[Saved data entries]

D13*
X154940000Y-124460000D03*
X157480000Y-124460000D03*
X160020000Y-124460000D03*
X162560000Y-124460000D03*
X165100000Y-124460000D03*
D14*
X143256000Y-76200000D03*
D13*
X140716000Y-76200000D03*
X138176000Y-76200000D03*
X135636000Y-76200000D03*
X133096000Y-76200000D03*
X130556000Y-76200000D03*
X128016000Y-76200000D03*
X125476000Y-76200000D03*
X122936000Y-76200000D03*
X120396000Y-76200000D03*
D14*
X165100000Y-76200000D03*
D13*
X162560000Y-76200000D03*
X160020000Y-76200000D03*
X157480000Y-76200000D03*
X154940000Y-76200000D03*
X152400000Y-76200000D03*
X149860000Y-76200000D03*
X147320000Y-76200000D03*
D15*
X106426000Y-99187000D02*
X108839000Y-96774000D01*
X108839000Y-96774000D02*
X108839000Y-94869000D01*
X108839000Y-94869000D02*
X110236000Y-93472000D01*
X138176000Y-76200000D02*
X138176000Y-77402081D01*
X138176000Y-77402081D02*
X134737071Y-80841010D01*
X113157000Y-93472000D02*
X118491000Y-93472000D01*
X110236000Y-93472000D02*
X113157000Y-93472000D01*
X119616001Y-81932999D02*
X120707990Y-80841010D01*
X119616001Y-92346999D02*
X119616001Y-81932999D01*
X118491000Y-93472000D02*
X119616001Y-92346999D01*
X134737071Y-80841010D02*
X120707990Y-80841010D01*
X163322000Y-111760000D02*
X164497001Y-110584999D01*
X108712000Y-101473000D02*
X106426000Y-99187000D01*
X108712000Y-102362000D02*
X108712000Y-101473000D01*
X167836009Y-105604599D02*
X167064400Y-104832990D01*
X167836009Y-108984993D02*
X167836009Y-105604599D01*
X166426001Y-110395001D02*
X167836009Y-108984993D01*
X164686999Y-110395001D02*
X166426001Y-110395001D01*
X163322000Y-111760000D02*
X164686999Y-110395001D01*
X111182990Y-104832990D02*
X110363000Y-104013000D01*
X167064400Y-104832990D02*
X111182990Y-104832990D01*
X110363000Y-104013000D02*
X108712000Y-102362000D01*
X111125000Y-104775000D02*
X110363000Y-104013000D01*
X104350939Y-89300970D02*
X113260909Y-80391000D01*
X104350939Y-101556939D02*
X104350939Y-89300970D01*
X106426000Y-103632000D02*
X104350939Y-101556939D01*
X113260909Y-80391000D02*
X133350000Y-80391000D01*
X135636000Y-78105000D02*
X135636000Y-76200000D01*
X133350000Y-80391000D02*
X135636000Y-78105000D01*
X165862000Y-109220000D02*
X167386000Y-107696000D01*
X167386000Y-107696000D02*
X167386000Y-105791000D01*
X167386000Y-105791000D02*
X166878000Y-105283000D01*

==

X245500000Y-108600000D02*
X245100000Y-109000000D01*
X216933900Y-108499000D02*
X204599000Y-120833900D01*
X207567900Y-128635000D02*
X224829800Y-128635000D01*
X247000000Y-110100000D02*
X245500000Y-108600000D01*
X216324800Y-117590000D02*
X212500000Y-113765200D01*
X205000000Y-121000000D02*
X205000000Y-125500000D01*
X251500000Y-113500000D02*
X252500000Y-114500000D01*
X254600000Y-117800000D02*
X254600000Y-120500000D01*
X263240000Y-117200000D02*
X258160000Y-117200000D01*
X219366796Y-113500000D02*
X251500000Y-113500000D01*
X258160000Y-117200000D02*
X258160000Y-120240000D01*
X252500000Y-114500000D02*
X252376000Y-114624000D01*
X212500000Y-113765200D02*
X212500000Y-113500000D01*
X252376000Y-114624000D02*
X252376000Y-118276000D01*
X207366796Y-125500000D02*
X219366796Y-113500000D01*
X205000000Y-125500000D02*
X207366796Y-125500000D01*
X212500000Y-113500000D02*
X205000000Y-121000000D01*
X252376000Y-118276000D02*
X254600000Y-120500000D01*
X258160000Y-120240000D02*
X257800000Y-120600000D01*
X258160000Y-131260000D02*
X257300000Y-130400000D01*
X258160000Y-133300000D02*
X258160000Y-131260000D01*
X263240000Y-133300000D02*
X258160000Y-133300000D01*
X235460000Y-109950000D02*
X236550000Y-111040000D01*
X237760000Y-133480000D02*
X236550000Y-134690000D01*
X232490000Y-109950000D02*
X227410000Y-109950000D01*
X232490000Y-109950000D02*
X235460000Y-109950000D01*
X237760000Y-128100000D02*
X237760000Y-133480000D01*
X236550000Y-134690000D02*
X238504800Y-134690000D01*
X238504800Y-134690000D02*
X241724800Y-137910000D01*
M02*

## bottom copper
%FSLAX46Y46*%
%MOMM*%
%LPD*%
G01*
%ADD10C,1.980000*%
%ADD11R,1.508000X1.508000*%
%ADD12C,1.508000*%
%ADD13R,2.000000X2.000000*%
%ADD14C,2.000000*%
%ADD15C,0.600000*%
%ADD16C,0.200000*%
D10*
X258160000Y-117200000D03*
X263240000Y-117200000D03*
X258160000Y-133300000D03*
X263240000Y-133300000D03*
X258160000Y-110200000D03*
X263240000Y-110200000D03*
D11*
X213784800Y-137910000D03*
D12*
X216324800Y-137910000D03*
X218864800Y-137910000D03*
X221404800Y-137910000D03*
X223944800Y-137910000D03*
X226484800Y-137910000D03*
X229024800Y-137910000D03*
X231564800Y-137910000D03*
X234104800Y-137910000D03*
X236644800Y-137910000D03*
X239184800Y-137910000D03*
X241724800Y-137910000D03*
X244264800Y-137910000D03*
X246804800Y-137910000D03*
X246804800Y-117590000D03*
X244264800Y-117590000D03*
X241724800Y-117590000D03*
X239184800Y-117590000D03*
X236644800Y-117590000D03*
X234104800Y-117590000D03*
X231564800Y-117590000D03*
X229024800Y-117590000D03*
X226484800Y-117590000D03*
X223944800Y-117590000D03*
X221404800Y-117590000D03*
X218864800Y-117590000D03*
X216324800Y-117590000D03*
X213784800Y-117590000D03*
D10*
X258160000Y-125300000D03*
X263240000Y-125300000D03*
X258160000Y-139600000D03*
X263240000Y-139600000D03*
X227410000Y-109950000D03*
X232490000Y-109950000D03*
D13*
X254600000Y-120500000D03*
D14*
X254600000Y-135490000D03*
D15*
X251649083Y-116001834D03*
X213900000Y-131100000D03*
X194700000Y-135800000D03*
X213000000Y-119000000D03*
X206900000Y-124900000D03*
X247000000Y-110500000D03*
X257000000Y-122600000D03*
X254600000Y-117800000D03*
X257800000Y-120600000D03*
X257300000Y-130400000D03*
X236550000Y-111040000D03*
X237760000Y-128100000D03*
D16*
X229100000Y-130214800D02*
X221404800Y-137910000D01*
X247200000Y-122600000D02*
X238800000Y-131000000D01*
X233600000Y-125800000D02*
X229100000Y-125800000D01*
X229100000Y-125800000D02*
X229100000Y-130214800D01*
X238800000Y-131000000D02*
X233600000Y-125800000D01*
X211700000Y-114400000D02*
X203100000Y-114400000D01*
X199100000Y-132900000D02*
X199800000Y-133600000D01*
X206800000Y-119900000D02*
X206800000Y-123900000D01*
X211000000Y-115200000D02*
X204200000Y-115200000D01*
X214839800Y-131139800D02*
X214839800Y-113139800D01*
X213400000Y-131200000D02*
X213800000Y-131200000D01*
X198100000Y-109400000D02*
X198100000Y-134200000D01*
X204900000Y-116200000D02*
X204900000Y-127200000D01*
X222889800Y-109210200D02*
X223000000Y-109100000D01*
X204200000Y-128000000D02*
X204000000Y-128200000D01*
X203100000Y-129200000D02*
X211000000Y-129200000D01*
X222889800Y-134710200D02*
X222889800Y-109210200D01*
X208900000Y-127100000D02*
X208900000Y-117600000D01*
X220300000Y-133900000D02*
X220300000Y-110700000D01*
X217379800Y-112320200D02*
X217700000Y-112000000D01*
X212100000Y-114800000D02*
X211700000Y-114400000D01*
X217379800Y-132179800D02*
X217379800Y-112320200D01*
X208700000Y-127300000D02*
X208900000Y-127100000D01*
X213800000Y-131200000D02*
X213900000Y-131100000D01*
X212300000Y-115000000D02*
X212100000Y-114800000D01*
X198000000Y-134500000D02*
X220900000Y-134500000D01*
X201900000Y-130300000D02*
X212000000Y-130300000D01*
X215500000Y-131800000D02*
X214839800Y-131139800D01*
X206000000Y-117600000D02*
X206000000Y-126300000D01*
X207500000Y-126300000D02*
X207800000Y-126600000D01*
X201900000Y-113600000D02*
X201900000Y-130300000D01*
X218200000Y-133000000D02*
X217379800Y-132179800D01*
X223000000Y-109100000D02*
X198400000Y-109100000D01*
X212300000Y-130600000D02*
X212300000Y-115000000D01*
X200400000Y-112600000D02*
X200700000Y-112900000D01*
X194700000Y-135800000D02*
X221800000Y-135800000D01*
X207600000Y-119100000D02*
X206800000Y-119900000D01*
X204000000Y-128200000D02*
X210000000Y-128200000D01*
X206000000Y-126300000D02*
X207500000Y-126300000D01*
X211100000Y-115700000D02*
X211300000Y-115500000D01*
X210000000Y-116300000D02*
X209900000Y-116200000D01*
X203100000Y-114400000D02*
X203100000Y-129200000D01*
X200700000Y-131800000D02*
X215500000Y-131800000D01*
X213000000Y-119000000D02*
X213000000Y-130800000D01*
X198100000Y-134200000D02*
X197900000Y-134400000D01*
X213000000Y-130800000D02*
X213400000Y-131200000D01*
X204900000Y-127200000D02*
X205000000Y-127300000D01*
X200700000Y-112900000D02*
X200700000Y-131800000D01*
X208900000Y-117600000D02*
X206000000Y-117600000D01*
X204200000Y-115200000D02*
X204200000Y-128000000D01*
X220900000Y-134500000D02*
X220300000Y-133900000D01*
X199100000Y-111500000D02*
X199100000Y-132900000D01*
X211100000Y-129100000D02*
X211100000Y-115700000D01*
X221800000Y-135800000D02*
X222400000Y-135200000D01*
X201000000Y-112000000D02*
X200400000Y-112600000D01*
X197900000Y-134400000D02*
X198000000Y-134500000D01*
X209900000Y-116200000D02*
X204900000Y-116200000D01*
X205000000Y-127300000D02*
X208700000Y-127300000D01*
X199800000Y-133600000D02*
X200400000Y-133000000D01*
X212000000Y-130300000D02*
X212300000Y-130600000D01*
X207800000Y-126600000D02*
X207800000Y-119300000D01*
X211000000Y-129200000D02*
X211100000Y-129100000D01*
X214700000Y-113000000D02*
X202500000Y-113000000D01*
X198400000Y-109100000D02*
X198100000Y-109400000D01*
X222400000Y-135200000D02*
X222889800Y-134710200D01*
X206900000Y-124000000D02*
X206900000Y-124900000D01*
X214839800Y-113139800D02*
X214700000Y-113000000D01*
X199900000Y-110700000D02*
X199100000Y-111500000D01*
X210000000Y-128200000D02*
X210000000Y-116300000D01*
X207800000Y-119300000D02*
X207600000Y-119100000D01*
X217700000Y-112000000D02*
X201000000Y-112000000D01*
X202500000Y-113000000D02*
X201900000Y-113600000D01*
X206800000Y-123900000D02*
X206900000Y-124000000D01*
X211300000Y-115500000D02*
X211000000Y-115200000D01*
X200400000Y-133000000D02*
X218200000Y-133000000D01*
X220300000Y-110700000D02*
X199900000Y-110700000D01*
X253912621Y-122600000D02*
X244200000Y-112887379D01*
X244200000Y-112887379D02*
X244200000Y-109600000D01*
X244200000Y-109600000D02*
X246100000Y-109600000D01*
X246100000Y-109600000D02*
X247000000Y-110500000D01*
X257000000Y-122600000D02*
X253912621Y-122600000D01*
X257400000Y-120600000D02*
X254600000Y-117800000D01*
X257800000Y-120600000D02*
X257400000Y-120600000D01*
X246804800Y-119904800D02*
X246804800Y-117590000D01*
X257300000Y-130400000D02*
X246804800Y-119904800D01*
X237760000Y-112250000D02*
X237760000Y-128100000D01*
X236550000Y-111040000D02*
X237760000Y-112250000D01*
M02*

* * *

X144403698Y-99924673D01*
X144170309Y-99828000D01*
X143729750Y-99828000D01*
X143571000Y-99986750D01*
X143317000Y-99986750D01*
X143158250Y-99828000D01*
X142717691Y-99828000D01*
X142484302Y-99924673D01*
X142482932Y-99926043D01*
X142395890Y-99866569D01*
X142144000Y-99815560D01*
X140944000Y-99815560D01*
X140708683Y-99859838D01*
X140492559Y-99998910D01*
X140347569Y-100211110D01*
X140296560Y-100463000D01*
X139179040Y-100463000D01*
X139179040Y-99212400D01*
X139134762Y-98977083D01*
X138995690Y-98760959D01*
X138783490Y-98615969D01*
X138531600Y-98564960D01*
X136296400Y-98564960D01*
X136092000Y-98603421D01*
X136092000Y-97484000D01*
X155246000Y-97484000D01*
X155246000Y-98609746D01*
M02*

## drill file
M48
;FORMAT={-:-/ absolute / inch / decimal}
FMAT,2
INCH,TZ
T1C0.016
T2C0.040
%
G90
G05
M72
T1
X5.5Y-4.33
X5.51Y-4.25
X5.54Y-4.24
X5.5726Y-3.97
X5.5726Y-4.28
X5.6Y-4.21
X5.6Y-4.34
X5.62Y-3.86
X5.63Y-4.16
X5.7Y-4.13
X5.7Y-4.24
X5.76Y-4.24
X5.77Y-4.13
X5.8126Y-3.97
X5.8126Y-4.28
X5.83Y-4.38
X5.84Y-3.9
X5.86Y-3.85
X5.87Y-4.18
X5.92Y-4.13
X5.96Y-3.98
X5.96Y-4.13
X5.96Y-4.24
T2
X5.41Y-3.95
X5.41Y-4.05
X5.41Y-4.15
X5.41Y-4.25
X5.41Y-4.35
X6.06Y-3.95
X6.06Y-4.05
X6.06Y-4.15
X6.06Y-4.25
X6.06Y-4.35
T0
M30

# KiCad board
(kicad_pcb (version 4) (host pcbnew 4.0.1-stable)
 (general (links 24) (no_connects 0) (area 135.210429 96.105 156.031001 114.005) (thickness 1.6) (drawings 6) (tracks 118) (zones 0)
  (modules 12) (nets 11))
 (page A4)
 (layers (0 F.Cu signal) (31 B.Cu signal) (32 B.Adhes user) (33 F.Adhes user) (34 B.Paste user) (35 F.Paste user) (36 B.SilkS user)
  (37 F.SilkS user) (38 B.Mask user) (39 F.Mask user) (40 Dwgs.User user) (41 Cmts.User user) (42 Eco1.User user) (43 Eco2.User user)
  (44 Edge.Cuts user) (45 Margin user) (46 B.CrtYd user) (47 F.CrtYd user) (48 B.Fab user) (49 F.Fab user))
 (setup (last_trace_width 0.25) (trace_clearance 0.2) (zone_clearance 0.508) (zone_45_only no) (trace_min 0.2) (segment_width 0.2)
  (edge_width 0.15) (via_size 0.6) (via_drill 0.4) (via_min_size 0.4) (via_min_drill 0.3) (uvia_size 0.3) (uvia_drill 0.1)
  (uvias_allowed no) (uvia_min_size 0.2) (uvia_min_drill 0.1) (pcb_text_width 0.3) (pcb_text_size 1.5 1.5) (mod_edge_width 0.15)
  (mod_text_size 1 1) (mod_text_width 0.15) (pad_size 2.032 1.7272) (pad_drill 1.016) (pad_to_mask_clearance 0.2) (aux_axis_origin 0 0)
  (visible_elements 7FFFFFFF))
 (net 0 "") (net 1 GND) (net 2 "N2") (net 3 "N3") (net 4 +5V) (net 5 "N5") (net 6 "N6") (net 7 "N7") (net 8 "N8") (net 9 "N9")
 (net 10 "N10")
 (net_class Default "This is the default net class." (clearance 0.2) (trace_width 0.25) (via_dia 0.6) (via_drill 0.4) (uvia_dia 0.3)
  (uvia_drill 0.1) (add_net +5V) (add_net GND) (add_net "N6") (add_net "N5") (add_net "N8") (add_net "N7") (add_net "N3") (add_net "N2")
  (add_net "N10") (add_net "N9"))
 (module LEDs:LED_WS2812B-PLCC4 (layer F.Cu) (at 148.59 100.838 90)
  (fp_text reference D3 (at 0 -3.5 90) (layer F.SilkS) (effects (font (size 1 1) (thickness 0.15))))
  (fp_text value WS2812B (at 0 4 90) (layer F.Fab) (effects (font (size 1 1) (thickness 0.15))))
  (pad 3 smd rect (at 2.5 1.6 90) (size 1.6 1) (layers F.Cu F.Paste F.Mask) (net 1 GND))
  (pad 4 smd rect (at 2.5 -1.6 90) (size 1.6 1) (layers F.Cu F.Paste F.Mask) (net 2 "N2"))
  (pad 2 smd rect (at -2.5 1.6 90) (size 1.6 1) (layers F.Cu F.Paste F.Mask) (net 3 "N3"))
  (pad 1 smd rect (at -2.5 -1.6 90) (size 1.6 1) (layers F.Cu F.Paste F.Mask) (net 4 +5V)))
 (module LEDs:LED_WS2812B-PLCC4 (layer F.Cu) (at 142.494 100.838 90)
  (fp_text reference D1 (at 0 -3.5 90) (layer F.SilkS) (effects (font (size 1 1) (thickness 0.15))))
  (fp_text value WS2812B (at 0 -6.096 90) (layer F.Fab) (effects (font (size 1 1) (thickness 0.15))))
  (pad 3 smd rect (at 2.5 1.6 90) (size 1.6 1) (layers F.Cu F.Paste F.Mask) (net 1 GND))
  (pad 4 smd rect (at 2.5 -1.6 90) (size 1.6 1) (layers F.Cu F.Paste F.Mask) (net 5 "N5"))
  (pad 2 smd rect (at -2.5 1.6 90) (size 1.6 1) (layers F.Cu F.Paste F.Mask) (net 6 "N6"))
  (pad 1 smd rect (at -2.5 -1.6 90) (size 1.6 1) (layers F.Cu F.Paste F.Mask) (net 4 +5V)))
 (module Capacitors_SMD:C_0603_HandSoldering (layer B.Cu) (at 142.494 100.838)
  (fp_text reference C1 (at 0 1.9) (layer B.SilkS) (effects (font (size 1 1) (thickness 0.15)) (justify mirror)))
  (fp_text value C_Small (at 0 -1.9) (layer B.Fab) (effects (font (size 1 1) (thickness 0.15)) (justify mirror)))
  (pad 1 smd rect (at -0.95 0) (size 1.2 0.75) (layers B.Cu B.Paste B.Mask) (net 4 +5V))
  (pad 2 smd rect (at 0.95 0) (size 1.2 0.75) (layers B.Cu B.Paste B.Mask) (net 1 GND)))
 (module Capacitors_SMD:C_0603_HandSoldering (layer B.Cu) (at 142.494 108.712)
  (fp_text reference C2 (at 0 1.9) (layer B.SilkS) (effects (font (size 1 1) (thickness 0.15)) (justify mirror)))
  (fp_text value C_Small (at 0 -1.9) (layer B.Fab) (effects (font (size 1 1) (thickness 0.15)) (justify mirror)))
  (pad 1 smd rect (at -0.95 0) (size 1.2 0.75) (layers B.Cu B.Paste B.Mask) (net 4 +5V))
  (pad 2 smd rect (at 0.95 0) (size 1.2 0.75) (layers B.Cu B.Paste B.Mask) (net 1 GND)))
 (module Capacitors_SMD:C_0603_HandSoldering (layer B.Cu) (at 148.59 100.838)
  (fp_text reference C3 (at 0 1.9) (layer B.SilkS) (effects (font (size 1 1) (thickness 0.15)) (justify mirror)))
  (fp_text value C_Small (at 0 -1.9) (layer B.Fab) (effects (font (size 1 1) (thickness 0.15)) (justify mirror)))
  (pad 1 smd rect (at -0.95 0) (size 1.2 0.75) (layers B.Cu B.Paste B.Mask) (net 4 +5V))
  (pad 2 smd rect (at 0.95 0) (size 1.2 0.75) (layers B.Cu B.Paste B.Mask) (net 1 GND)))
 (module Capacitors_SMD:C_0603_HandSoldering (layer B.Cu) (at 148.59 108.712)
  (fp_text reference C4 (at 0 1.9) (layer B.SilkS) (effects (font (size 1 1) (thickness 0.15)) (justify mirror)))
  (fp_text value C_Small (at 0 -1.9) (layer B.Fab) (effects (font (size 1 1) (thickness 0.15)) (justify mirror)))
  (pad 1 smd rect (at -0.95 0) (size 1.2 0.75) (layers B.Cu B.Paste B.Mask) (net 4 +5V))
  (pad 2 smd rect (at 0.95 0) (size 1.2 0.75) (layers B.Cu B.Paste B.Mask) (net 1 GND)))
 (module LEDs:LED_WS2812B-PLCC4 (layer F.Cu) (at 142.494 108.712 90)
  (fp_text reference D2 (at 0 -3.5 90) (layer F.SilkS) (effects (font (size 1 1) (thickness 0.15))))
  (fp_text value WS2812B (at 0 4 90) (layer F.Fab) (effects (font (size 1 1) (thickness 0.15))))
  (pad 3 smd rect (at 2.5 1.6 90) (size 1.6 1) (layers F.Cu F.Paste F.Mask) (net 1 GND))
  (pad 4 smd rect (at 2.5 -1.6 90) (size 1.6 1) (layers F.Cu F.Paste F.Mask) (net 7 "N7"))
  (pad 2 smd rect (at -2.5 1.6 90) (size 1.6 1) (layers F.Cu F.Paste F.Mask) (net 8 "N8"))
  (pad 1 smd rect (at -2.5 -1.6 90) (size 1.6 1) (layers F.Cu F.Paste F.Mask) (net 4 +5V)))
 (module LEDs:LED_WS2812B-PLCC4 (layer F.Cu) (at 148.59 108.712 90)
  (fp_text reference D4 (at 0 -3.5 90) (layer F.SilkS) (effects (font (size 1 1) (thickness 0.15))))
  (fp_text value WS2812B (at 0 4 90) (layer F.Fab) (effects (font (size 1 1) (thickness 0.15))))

* _TASK DETAILS_: Transcribe each line of the data above, unaltered, from the one where "X204200000Y-128000000D01*" appears to the one where "X200400000Y-112600000D01*" appears, inclusive of both.

* _ANSWER BOX_:
X204200000Y-128000000D01*
X220900000Y-134500000D02*
X220300000Y-133900000D01*
X199100000Y-111500000D02*
X199100000Y-132900000D01*
X211100000Y-129100000D02*
X211100000Y-115700000D01*
X221800000Y-135800000D02*
X222400000Y-135200000D01*
X201000000Y-112000000D02*
X200400000Y-112600000D01*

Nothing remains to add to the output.